Goal of the exercise | Go through the data below. List every line that holds the word "front".

Input material |
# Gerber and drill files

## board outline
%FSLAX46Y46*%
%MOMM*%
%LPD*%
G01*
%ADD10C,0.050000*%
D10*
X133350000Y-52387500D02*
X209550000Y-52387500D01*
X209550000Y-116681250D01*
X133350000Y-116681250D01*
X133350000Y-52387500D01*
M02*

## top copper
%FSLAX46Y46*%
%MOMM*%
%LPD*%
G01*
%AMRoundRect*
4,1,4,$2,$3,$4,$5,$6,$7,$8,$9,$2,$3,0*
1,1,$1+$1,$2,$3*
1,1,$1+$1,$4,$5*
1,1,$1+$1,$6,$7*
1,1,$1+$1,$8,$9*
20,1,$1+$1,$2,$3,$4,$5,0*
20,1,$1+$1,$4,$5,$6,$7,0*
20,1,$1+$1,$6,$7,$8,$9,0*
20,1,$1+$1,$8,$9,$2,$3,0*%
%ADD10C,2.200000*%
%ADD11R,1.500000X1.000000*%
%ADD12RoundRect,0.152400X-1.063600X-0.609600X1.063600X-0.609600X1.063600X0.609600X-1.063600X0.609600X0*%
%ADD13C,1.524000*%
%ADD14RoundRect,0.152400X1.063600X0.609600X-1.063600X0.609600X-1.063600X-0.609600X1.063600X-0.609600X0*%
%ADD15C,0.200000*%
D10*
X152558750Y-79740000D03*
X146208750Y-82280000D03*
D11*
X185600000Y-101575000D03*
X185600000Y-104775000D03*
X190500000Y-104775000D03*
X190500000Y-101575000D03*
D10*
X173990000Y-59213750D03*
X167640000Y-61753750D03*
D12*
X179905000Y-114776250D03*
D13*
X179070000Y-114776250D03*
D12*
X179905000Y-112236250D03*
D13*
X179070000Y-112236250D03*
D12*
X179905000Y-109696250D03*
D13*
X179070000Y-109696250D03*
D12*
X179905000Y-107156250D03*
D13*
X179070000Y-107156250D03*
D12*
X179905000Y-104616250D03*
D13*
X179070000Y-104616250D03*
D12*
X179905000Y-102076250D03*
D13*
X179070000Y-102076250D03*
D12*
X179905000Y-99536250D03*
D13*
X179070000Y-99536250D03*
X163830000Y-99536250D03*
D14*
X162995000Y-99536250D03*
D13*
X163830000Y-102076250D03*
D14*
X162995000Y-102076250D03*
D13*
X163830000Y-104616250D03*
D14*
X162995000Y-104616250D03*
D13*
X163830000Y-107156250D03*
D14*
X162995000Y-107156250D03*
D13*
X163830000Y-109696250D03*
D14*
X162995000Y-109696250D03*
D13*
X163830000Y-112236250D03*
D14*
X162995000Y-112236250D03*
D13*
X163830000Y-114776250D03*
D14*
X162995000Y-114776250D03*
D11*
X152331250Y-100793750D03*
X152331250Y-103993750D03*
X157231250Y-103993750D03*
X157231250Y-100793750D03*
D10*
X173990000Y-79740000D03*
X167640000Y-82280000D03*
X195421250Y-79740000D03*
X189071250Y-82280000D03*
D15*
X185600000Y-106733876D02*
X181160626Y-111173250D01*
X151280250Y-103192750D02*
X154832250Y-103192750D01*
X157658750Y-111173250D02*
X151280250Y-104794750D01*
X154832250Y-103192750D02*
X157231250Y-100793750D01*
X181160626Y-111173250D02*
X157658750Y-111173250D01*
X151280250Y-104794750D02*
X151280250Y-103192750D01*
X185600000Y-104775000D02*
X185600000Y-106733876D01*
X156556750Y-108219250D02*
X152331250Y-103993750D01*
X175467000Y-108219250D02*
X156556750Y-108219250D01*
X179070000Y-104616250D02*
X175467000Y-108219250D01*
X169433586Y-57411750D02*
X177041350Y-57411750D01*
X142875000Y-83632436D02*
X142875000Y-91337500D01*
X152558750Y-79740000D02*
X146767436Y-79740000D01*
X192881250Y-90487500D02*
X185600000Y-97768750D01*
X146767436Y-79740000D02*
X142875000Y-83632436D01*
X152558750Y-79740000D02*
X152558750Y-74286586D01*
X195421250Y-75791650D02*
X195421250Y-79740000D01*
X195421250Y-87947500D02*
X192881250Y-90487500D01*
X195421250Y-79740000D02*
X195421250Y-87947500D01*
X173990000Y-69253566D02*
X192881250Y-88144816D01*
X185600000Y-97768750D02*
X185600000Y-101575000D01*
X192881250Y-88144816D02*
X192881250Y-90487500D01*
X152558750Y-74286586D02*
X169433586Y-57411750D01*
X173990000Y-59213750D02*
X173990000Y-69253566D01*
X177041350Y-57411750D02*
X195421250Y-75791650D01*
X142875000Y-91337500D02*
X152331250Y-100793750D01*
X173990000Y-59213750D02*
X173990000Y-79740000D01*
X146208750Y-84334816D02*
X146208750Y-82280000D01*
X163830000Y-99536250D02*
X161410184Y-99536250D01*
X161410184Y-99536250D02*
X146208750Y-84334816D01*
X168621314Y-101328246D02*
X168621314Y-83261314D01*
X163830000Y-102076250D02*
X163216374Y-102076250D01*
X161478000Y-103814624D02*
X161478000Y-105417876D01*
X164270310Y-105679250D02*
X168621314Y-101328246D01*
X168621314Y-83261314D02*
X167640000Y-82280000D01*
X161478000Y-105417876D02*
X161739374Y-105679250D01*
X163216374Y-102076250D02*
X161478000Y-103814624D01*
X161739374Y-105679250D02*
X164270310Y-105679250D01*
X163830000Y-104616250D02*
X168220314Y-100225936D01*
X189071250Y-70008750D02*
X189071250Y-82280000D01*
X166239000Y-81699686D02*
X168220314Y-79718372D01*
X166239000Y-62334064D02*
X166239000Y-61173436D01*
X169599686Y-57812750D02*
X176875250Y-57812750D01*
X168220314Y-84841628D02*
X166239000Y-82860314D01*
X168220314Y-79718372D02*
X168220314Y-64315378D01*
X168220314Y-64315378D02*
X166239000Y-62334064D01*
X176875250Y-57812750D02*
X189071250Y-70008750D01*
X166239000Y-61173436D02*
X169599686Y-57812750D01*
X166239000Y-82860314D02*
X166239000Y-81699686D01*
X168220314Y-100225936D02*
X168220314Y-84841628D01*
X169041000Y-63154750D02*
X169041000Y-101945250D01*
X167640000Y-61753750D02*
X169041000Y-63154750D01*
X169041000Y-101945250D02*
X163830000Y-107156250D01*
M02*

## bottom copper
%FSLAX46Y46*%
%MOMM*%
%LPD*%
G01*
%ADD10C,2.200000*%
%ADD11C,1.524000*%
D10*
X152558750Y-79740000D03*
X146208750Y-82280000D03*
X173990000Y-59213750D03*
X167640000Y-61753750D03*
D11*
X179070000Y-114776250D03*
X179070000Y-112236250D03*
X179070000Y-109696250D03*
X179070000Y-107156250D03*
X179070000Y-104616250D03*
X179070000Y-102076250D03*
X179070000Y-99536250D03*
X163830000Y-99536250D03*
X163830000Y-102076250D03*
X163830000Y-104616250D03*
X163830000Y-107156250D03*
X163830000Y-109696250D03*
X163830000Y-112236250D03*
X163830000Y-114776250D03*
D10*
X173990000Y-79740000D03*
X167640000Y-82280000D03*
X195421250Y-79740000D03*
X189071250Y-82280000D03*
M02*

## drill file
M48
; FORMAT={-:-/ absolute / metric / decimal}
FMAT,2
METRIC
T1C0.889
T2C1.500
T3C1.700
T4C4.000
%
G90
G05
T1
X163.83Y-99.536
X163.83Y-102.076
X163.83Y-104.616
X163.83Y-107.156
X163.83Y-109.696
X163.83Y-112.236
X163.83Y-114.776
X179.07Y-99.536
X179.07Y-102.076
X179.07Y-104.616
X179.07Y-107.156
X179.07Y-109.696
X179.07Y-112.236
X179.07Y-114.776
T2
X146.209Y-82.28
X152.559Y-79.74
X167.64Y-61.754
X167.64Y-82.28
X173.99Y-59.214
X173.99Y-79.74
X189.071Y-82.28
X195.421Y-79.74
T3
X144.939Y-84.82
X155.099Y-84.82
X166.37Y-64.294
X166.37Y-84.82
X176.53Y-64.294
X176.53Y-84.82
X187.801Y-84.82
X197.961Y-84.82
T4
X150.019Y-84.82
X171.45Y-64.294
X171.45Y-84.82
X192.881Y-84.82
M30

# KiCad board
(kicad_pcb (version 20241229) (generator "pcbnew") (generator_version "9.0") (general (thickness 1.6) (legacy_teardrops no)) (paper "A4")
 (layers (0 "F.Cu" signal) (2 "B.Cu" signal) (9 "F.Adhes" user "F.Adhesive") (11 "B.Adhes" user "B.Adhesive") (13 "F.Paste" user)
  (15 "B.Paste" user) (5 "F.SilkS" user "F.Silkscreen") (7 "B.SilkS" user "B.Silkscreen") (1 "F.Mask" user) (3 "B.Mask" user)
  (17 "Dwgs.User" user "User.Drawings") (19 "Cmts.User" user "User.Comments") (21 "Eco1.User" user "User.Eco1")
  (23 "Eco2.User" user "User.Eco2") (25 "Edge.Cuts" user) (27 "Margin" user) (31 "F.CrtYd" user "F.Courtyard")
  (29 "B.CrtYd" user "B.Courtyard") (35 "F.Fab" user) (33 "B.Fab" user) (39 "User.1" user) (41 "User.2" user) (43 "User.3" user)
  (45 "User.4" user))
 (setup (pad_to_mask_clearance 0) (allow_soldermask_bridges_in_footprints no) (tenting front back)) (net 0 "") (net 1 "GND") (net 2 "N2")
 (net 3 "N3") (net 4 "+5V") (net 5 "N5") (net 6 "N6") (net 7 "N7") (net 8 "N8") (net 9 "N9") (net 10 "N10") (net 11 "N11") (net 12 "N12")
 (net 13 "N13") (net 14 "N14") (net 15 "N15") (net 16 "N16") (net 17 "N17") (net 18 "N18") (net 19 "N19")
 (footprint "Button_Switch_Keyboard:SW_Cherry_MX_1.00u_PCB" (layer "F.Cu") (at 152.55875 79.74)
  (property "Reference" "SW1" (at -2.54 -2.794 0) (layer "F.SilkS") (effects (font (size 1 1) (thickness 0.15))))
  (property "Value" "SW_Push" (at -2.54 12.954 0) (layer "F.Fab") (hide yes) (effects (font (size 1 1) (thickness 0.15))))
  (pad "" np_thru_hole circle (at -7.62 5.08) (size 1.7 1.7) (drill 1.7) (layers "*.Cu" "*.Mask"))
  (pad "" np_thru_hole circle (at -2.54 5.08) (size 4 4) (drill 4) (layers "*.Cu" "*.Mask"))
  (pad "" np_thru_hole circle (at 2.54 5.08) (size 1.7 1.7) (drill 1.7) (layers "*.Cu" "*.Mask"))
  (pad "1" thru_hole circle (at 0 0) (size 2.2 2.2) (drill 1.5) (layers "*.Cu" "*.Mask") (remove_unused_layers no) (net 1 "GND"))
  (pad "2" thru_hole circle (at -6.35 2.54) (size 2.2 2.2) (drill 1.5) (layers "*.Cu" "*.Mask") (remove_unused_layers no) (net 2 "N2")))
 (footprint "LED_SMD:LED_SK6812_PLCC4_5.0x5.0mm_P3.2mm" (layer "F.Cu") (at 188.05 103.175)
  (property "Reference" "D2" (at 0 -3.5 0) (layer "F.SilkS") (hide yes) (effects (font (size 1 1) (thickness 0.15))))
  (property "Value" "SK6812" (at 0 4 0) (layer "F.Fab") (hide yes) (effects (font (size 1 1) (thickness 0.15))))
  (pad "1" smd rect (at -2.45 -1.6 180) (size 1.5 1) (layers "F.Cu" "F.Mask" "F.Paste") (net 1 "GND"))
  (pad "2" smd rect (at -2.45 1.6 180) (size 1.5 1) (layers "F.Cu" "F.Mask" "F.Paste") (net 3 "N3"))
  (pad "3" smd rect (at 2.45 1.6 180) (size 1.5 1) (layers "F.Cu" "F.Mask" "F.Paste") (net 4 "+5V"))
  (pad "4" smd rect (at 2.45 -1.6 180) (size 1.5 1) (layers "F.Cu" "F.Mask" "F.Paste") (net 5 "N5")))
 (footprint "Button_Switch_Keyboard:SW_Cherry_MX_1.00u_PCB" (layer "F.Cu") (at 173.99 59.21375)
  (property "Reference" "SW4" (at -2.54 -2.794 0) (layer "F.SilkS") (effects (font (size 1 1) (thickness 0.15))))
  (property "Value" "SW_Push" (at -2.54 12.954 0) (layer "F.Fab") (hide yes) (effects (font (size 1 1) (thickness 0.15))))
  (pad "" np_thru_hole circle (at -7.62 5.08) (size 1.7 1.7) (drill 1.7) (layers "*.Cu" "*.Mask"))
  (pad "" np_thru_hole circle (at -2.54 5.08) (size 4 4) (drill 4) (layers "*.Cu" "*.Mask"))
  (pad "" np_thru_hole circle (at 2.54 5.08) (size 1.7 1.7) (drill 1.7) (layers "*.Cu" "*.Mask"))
==
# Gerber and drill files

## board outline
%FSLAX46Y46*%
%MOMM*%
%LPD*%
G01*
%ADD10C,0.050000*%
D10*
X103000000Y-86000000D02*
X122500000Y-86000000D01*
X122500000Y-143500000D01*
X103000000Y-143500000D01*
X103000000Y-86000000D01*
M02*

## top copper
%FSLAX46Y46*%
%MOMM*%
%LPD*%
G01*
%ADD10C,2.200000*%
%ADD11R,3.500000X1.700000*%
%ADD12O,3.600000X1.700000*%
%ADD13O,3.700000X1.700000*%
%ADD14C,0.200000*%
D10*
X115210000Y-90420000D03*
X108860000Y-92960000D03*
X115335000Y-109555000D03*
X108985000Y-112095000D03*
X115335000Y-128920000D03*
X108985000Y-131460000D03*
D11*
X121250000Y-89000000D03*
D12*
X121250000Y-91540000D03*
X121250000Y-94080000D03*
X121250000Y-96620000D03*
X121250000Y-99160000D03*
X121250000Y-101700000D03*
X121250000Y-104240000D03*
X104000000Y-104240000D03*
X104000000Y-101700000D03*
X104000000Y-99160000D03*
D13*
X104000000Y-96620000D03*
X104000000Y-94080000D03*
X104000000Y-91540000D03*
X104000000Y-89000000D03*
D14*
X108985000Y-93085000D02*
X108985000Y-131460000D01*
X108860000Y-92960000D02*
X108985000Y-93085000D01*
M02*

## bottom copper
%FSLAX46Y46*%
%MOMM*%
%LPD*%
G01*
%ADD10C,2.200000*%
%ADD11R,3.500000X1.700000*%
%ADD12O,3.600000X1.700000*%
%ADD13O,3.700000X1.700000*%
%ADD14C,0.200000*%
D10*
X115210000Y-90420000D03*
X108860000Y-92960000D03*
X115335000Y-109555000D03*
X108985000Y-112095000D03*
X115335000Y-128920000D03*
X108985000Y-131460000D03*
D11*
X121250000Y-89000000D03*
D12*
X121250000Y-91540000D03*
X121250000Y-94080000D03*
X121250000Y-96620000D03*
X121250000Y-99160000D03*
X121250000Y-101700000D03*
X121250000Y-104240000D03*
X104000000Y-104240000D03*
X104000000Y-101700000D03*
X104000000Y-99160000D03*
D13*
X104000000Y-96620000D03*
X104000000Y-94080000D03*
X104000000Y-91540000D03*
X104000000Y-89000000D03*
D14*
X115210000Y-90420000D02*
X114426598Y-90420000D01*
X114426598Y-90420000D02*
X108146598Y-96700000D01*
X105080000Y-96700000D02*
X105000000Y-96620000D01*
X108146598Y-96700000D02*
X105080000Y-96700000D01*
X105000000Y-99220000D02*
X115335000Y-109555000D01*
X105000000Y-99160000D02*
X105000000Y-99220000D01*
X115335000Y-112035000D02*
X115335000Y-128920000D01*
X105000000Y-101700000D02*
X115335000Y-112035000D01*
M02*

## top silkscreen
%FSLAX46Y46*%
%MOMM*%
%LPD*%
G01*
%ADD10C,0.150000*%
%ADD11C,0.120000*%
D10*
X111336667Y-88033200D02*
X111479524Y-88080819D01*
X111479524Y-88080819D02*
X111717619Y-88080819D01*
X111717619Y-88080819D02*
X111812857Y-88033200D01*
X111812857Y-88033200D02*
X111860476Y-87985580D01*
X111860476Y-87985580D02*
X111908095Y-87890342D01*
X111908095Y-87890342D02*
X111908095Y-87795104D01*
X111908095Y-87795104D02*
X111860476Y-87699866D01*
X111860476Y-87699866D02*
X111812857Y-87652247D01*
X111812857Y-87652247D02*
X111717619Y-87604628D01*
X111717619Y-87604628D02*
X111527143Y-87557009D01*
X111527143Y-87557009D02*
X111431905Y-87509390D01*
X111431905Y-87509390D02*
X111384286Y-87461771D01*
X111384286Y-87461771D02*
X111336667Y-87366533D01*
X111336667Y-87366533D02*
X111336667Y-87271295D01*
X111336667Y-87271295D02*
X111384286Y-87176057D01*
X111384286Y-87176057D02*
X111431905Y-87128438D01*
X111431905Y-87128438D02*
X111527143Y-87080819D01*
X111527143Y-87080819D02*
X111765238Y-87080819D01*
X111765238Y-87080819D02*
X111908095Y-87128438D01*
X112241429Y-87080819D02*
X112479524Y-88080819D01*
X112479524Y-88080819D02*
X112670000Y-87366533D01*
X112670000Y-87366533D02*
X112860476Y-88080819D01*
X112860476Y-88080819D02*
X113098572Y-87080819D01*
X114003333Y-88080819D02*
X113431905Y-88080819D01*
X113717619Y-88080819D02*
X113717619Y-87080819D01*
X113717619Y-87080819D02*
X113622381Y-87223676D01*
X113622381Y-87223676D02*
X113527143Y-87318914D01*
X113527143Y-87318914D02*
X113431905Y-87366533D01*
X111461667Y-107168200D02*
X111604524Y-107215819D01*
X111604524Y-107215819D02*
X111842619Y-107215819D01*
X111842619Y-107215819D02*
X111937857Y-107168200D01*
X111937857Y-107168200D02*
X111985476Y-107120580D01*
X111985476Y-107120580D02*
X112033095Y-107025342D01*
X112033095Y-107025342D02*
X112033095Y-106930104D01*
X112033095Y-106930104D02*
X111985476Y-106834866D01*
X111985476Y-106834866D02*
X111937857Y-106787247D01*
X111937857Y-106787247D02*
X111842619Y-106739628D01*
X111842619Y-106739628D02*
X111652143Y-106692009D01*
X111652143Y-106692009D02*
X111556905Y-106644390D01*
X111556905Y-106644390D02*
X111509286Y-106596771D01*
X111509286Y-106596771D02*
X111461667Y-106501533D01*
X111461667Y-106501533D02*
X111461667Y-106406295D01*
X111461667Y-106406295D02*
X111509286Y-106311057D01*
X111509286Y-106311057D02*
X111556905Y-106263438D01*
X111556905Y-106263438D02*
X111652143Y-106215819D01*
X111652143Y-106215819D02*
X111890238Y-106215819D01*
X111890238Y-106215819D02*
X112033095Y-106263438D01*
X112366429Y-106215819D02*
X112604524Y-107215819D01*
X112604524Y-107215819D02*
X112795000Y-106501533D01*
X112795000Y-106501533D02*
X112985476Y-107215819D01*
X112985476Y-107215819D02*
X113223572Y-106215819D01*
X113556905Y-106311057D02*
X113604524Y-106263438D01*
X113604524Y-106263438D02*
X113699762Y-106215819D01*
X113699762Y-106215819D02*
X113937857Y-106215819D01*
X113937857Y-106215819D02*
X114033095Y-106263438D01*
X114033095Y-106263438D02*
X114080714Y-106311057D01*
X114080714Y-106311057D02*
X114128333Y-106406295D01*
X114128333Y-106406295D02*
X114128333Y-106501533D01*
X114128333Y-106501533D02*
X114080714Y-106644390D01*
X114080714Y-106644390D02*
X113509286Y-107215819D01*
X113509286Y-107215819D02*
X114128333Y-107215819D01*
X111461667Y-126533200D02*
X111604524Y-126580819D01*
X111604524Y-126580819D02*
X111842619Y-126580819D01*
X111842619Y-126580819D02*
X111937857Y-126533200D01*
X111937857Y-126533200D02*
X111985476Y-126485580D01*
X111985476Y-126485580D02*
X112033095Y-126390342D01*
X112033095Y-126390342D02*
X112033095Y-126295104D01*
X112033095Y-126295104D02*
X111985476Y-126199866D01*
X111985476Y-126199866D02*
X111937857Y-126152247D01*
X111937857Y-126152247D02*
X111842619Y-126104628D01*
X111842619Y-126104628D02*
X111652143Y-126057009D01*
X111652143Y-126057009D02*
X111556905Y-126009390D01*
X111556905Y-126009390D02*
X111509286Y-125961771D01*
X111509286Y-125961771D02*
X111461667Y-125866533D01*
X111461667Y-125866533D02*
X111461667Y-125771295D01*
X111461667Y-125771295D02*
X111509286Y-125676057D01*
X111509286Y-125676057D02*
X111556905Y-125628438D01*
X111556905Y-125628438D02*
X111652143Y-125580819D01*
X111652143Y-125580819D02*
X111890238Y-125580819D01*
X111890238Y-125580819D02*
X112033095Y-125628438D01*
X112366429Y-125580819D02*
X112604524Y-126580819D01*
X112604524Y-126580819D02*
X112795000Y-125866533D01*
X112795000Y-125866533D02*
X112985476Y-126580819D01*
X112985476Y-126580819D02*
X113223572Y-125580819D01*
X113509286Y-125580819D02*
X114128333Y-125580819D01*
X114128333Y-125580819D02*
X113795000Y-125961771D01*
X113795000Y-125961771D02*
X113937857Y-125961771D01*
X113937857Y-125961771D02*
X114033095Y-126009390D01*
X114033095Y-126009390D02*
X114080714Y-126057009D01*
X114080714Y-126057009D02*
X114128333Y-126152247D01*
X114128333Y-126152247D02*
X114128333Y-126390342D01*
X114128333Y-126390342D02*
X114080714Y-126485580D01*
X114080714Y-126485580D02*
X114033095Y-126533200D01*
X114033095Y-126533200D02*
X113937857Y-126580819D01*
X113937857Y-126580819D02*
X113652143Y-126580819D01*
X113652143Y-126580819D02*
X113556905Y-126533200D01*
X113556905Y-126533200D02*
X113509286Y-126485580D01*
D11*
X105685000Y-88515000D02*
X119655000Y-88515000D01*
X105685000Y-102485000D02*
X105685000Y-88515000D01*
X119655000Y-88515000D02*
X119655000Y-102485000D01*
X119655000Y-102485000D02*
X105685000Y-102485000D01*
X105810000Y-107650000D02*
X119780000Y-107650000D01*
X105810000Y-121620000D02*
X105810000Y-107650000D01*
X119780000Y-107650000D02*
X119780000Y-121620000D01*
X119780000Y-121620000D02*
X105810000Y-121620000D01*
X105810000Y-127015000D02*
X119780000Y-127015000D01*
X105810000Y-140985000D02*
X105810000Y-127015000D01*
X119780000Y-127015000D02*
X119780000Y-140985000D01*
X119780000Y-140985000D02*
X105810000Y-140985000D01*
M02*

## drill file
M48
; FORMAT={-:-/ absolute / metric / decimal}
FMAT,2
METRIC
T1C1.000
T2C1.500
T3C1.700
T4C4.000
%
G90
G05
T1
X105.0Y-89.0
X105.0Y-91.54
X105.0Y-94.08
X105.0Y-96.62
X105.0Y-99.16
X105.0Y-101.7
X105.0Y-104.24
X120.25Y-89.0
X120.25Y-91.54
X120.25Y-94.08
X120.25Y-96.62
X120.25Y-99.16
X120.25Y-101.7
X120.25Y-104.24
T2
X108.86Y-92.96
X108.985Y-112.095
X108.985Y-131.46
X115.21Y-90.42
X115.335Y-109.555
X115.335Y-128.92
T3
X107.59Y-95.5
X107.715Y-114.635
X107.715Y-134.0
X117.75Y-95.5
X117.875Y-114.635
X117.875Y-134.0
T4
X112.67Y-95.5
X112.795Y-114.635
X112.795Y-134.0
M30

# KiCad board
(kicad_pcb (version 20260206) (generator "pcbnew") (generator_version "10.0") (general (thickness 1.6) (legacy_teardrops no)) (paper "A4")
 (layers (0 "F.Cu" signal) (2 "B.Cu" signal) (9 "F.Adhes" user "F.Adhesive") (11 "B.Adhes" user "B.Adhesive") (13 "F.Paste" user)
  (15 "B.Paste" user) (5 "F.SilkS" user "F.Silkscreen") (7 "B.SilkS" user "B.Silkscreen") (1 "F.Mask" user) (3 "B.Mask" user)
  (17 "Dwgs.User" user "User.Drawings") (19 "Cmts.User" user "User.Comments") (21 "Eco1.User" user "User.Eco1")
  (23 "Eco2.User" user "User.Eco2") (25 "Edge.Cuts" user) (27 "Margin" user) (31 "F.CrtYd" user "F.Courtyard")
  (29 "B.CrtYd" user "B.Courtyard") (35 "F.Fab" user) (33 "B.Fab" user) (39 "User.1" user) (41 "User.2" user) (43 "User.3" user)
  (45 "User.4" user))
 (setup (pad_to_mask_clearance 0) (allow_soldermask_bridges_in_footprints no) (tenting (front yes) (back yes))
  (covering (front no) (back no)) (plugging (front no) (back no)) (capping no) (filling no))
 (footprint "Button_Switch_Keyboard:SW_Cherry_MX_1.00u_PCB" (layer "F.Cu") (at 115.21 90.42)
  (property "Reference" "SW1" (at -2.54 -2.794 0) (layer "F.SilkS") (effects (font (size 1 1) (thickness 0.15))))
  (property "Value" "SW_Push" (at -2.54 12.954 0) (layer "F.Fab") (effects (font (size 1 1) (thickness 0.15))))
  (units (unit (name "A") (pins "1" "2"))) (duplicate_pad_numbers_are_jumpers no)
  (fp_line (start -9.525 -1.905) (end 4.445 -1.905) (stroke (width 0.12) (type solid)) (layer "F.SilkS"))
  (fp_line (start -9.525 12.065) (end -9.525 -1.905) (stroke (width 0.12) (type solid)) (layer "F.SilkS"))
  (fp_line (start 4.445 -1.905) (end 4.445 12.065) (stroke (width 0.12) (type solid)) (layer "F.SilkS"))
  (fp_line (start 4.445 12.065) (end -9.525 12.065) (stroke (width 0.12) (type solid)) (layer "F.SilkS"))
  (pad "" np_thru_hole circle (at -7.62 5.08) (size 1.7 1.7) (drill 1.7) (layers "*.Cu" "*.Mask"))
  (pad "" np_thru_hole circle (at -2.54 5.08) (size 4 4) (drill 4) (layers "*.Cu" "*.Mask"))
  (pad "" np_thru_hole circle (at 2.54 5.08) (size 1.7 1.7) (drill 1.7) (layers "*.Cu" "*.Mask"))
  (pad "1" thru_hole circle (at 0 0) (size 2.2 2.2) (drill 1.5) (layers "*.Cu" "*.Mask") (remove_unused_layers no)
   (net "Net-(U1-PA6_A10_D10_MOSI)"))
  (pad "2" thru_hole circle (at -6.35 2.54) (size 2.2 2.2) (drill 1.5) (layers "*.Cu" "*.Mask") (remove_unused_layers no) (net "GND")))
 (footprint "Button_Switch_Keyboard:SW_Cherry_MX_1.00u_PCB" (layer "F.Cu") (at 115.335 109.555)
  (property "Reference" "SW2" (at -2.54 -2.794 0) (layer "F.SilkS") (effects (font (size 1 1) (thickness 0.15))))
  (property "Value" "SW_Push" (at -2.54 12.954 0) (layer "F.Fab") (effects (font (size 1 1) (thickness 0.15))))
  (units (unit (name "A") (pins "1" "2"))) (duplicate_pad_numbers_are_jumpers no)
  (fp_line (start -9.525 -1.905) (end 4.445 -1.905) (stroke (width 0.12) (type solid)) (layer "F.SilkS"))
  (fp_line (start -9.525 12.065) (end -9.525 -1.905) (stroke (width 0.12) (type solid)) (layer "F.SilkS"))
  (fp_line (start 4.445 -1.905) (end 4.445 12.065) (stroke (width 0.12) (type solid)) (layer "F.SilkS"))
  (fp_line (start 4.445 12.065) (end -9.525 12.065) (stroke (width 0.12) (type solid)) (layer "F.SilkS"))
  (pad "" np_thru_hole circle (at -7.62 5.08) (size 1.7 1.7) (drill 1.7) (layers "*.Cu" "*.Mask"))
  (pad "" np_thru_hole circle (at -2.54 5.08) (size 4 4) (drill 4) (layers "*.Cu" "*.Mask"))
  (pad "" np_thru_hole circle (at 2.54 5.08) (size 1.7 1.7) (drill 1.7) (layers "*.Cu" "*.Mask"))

Response |
 (setup (pad_to_mask_clearance 0) (allow_soldermask_bridges_in_footprints no) (tenting front back)) (net 0 "") (net 1 "GND") (net 2 "N2")
 (setup (pad_to_mask_clearance 0) (allow_soldermask_bridges_in_footprints no) (tenting (front yes) (back yes))
  (covering (front no) (back no)) (plugging (front no) (back no)) (capping no) (filling no))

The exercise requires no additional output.